Since 2014, Translarna has gained limited authorization from the European Medicines Agency. It happened after being approved for the nonsense mutation Duchenne muscular dystrophy. In exchange for the renewal of that approval, PTC devoted itself to carrying out another placebo-controlled study of the medication in 2017.
However, the study still needs to achieve its goal. It did not achieve statistically significant results in the primary analysis subgroup. According to PTC, the EMA’s choice was influenced by the study’s data.
The business plans to review a new opinion in January 2024 and is appealing the decision. During the second quarter, Translarna generated net product revenues of $96 million for PTC. Outside of the E.U., the drug has licenses in some nations. This includes Brazil, Russia, and Great Britain.
PTC intensifies job cuts
The company’s Duchenne muscular dystrophy (DMD) medicine may no longer be sold in Europe. This prompts PTC Therapeutics to disclose that it will cut more jobs than previously stated.
Those working in early-stage research programs will feel most of the changes. It will affect those at the gene therapy manufacturing facility in Hopewell, New Jersey. Along with those, sales and general and administrative expenses (SG&A) roles will be affected. At present, a quarter of the company’s employees will be leaving.
The layoff program has grown since it was first introduced in May. The company now plans to fire three times as many staff. The amount that would likely be clawed back in annual operational expenses has increased from the 15% target in May to the 20% stated in the September 28 announcement.
The company’s problems have remained the same since May. The biotech company’s Friedreich ataxia medicine, vatiquinone, first suffered another setback. This happened when it was discovered that it was no more effective than a placebo at treating a rare seizure illness.
Long-term concerns were raised by a recent suggestion from the Committee for Medicinal Products for Human Use (CHMP). It is a committee of the European Medicines Agency (EMA). The regulator did not renew the marketing license for PTC’s DMD medication, Translarna.
The committee stressed that the first authorization was always conditional while additional data was being sought. A review of past and long-term data on the usage of the drug was unable to alleviate the committee’s worries about Translarna’s efficacy. A study requested in a subgroup of patients failed to prove a significant rise in patients’ ability to walk.
As a result, PTC must consider the very serious prospect that the medicine will no longer be allowed to be sold in all E.U. member states. In the second quarter of 2023, Translarna generated $96.5 million for the business in all regions with prior approval. To discuss U.S. approval, the biotech was expecting a meeting with the FDA in the second half of this year.
PTC stated in a press release that it intends to ask the EMA committee for a reexamination.
Analysts at William Blair referred to the committee’s decision as “unfortunate and shocking.” Analysts “remain hopeful in PTC’s potential to revoke the CHMP opinion. This is due to its history of successfully revising with the EMA and vocal physician and patient advocacy groups,” they stated in a note on September 29.

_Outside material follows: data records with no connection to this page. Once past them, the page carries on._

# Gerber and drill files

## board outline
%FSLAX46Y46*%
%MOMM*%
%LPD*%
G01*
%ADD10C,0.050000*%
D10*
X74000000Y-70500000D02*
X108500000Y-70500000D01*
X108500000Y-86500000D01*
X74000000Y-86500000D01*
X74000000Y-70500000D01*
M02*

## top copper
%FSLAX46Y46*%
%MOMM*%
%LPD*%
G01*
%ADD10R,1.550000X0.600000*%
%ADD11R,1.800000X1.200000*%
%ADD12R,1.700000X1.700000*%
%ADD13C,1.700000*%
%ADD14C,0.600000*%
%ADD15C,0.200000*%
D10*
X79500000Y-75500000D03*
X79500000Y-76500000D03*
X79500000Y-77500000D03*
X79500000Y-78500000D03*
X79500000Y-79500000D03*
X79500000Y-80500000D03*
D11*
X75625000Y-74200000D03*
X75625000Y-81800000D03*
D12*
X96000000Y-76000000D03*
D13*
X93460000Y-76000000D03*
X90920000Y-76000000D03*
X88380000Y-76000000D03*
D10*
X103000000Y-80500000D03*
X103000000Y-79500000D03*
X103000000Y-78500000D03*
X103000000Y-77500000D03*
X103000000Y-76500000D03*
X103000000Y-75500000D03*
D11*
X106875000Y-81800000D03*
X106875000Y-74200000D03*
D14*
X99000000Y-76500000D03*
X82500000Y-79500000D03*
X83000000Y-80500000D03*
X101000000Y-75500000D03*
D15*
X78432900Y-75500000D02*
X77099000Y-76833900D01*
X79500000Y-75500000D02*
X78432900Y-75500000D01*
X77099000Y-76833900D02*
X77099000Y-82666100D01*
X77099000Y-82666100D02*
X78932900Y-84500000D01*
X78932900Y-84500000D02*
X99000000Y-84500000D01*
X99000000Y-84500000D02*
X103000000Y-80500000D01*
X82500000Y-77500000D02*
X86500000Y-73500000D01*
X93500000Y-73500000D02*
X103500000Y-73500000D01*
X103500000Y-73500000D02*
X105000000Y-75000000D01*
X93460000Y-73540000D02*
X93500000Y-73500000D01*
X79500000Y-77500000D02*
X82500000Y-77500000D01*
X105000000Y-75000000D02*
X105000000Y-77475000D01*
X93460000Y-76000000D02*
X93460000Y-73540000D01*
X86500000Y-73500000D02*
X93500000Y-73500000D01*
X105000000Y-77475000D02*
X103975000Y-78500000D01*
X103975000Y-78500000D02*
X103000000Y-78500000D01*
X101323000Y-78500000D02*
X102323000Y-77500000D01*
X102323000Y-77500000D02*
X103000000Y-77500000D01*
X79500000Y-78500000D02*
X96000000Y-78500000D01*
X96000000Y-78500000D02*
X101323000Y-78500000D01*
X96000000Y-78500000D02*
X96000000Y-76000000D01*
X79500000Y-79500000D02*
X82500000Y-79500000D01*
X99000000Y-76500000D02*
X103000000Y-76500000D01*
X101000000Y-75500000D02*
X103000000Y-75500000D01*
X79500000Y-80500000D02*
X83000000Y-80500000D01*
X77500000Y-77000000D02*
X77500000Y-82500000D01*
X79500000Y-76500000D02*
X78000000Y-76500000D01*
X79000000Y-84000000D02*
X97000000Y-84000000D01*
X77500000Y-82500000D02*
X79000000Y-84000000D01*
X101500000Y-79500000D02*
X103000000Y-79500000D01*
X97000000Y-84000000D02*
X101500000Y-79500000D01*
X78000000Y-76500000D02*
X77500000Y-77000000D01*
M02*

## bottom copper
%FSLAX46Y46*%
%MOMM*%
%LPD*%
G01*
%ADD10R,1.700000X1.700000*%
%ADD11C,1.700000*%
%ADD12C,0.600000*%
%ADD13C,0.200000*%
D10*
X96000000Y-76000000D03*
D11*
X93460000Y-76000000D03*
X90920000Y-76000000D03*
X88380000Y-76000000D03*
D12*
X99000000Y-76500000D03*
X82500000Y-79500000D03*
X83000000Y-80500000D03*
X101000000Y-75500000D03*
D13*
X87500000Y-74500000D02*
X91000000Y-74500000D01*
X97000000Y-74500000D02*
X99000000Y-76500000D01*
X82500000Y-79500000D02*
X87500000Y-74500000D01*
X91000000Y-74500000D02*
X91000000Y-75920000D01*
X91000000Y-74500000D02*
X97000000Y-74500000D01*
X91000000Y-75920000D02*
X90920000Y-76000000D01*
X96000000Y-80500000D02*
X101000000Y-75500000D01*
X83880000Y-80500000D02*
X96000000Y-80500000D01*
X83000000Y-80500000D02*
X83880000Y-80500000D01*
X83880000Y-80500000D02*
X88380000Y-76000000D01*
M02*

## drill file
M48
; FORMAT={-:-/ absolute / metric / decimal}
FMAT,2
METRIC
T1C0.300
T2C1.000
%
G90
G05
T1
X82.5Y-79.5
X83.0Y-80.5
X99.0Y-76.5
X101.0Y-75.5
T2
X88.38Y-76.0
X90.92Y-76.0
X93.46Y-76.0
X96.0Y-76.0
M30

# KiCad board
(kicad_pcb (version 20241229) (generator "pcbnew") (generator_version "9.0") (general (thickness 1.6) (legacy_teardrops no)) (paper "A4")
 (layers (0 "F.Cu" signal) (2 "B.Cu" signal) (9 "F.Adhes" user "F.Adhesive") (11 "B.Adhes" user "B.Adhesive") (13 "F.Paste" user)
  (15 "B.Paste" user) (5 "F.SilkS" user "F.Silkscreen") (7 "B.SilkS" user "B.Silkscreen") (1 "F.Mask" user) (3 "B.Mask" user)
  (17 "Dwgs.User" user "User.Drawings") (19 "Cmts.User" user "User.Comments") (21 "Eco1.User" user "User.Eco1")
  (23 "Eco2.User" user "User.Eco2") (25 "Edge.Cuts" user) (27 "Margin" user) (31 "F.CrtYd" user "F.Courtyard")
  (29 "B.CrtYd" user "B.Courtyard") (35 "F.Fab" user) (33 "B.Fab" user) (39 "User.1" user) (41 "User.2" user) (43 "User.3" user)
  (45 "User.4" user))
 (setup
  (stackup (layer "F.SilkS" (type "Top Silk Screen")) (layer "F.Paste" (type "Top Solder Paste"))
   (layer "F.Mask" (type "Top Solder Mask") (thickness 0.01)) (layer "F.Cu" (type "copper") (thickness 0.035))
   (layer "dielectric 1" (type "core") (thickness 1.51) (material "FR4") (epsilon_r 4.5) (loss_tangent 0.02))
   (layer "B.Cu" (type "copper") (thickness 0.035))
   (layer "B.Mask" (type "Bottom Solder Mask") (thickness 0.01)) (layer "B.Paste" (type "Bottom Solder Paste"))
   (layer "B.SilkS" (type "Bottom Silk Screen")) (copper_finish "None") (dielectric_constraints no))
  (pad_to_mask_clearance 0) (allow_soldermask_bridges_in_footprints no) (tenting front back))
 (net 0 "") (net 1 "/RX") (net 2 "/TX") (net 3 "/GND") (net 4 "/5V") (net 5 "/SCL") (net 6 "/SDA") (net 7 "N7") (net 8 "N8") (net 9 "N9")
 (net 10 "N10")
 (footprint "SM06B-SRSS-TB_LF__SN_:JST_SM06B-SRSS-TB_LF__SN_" (layer "F.Cu") (at 79.5 78 -90)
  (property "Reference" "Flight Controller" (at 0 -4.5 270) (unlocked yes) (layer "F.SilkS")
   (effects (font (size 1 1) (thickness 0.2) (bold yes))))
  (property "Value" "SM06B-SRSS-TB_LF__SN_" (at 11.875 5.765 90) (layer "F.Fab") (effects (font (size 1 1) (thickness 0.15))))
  (pad "1" smd rect (at -2.5 0 270) (size 0.6 1.55) (layers "F.Cu" "F.Mask" "F.Paste") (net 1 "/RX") (solder_mask_margin 0.102))
  (pad "2" smd rect (at -1.5 0 270) (size 0.6 1.55) (layers "F.Cu" "F.Mask" "F.Paste") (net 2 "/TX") (solder_mask_margin 0.102))
  (pad "3" smd rect (at -0.5 0 270) (size 0.6 1.55) (layers "F.Cu" "F.Mask" "F.Paste") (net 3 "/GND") (solder_mask_margin 0.102))
  (pad "4" smd rect (at 0.5 0 270) (size 0.6 1.55) (layers "F.Cu" "F.Mask" "F.Paste") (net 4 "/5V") (solder_mask_margin 0.102))
  (pad "5" smd rect (at 1.5 0 270) (size 0.6 1.55) (layers "F.Cu" "F.Mask" "F.Paste") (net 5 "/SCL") (solder_mask_margin 0.102))
  (pad "6" smd rect (at 2.5 0 270) (size 0.6 1.55) (layers "F.Cu" "F.Mask" "F.Paste") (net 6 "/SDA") (solder_mask_margin 0.102))
  (pad "S1" smd rect (at -3.8 3.875 270) (size 1.2 1.8) (layers "F.Cu" "F.Mask" "F.Paste") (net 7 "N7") (solder_mask_margin 0.102))
  (pad "S2" smd rect (at 3.8 3.875 270) (size 1.2 1.8) (layers "F.Cu" "F.Mask" "F.Paste") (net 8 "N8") (solder_mask_margin 0.102)))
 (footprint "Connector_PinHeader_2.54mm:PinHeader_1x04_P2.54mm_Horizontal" (layer "F.Cu") (at 96 76 -90)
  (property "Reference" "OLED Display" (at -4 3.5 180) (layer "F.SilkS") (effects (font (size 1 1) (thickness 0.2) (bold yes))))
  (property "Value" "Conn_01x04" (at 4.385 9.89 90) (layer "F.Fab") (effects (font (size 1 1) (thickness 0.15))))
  (pad "1" thru_hole rect (at 0 0 270) (size 1.7 1.7) (drill 1) (layers "*.Cu" "*.Mask") (remove_unused_layers no) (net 4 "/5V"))
  (pad "2" thru_hole circle (at 0 2.54 270) (size 1.7 1.7) (drill 1) (layers "*.Cu" "*.Mask") (remove_unused_layers no) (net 3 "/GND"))
  (pad "3" thru_hole circle (at 0 5.08 270) (size 1.7 1.7) (drill 1) (layers "*.Cu" "*.Mask") (remove_unused_layers no) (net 5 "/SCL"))
  (pad "4" thru_hole circle (at 0 7.62 270) (size 1.7 1.7) (drill 1) (layers "*.Cu" "*.Mask") (remove_unused_layers no) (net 6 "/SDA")))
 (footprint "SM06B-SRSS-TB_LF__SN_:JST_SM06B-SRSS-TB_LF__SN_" (layer "F.Cu") (at 103 78 90)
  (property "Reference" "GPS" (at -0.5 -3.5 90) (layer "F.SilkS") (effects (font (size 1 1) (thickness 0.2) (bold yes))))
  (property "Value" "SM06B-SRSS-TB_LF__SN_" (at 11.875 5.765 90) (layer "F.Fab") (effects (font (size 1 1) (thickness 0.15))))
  (pad "1" smd rect (at -2.5 0 90) (size 0.6 1.55) (layers "F.Cu" "F.Mask" "F.Paste") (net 1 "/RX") (solder_mask_margin 0.102))
  (pad "2" smd rect (at -1.5 0 90) (size 0.6 1.55) (layers "F.Cu" "F.Mask" "F.Paste") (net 2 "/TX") (solder_mask_margin 0.102))
  (pad "3" smd rect (at -0.5 0 90) (size 0.6 1.55) (layers "F.Cu" "F.Mask" "F.Paste") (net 3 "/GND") (solder_mask_margin 0.102))
  (pad "4" smd rect (at 0.5 0 90) (size 0.6 1.55) (layers "F.Cu" "F.Mask" "F.Paste") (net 4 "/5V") (solder_mask_margin 0.102))
  (pad "5" smd rect (at 1.5 0 90) (size 0.6 1.55) (layers "F.Cu" "F.Mask" "F.Paste") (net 5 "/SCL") (solder_mask_margin 0.102))
  (pad "6" smd rect (at 2.5 0 90) (size 0.6 1.55) (layers "F.Cu" "F.Mask" "F.Paste") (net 6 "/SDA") (solder_mask_margin 0.102))
  (pad "S1" smd rect (at -3.8 3.875 90) (size 1.2 1.8) (layers "F.Cu" "F.Mask" "F.Paste") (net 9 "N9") (solder_mask_margin 0.102))
  (pad "S2" smd rect (at 3.8 3.875 90) (size 1.2 1.8) (layers "F.Cu" "F.Mask" "F.Paste") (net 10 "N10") (solder_mask_margin 0.102)))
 (gr_rect (start 74 70.5) (end 108.5 86.5) (stroke (width 0.05) (type default)) (fill no) (layer "Edge.Cuts"))
 (segment (start 78.4329 75.5) (end 77.099 76.8339) (width 0.2) (layer "F.Cu") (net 1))
 (segment (start 79.5 75.5) (end 78.4329 75.5) (width 0.2) (layer "F.Cu") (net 1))
 (segment (start 77.099 76.8339) (end 77.099 82.6661) (width 0.2) (layer "F.Cu") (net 1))
 (segment (start 77.099 82.6661) (end 78.9329 84.5) (width 0.2) (layer "F.Cu") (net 1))
 (segment (start 78.9329 84.5) (end 99 84.5) (width 0.2) (layer "F.Cu") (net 1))
 (segment (start 99 84.5) (end 103 80.5) (width 0.2) (layer "F.Cu") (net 1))
 (segment (start 82.5 77.5) (end 86.5 73.5) (width 0.2) (layer "F.Cu") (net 3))
 (segment (start 93.5 73.5) (end 103.5 73.5) (width 0.2) (layer "F.Cu") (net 3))
 (segment (start 103.5 73.5) (end 105 75) (width 0.2) (layer "F.Cu") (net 3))
 (segment (start 93.46 73.54) (end 93.5 73.5) (width 0.2) (layer "F.Cu") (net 3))
 (segment (start 79.5 77.5) (end 82.5 77.5) (width 0.2) (layer "F.Cu") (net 3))
 (segment (start 105 75) (end 105 77.475) (width 0.2) (layer "F.Cu") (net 3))
 (segment (start 93.46 76) (end 93.46 73.54) (width 0.2) (layer "F.Cu") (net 3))
 (segment (start 86.5 73.5) (end 93.5 73.5) (width 0.2) (layer "F.Cu") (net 3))
 (segment (start 105 77.475) (end 103.975 78.5) (width 0.2) (layer "F.Cu") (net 3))
 (segment (start 103.975 78.5) (end 103 78.5) (width 0.2) (layer "F.Cu") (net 3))
 (segment (start 101.323 78.5) (end 102.323 77.5) (width 0.2) (layer "F.Cu") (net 4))
 (segment (start 102.323 77.5) (end 103 77.5) (width 0.2) (layer "F.Cu") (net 4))
 (segment (start 79.5 78.5) (end 96 78.5) (width 0.2) (layer "F.Cu") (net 4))
 (segment (start 96 78.5) (end 101.323 78.5) (width 0.2) (layer "F.Cu") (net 4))
 (segment (start 96 78.5) (end 96 76) (width 0.2) (layer "F.Cu") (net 4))
 (segment (start 79.5 79.5) (end 82.5 79.5) (width 0.2) (layer "F.Cu") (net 5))
 (segment (start 99 76.5) (end 103 76.5) (width 0.2) (layer "F.Cu") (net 5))
 (via (at 99 76.5) (size 0.6) (drill 0.3) (layers "F.Cu" "B.Cu") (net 5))
 (via (at 82.5 79.5) (size 0.6) (drill 0.3) (layers "F.Cu" "B.Cu") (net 5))
 (segment (start 87.5 74.5) (end 91 74.5) (width 0.2) (layer "B.Cu") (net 5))
 (segment (start 97 74.5) (end 99 76.5) (width 0.2) (layer "B.Cu") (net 5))
 (segment (start 82.5 79.5) (end 87.5 74.5) (width 0.2) (layer "B.Cu") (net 5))
 (segment (start 91 74.5) (end 91 75.92) (width 0.2) (layer "B.Cu") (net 5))
 (segment (start 91 74.5) (end 97 74.5) (width 0.2) (layer "B.Cu") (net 5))
 (segment (start 91 75.92) (end 90.92 76) (width 0.2) (layer "B.Cu") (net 5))
 (segment (start 101 75.5) (end 103 75.5) (width 0.2) (layer "F.Cu") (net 6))
 (segment (start 79.5 80.5) (end 83 80.5) (width 0.2) (layer "F.Cu") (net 6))
 (via (at 83 80.5) (size 0.6) (drill 0.3) (layers "F.Cu" "B.Cu") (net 6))
 (via (at 101 75.5) (size 0.6) (drill 0.3) (layers "F.Cu" "B.Cu") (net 6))
 (segment (start 96 80.5) (end 101 75.5) (width 0.2) (layer "B.Cu") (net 6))
 (segment (start 83.88 80.5) (end 96 80.5) (width 0.2) (layer "B.Cu") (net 6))
 (segment (start 83 80.5) (end 83.88 80.5) (width 0.2) (layer "B.Cu") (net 6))
 (segment (start 83.88 80.5) (end 88.38 76) (width 0.2) (layer "B.Cu") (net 6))
 (segment (start 77.5 77) (end 77.5 82.5) (width 0.2) (layer "F.Cu") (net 2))
 (segment (start 79.5 76.5) (end 78 76.5) (width 0.2) (layer "F.Cu") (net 2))
 (segment (start 79 84) (end 97 84) (width 0.2) (layer "F.Cu") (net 2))
 (segment (start 77.5 82.5) (end 79 84) (width 0.2) (layer "F.Cu") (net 2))
 (segment (start 101.5 79.5) (end 103 79.5) (width 0.2) (layer "F.Cu") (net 2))
 (segment (start 97 84) (end 101.5 79.5) (width 0.2) (layer "F.Cu") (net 2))
 (segment (start 78 76.5) (end 77.5 77) (width 0.2) (layer "F.Cu") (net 2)))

As a result, PTC Therapeutics recently announced that it would be laying off 25% of its staff to save operational costs. PTC stated in a regulatory filing that it planned to finish its process by January 15 of the following year.
The business claimed that the cost-cutting initiatives would result in a 20 percent reduction in yearly operating expenses. This caused its shares to increase by nearly 3% in aftermarket trade. The company focuses on therapies with high unmet needs and assets. This is because they would generate a sizable return on investment, which coincides with a workforce reduction!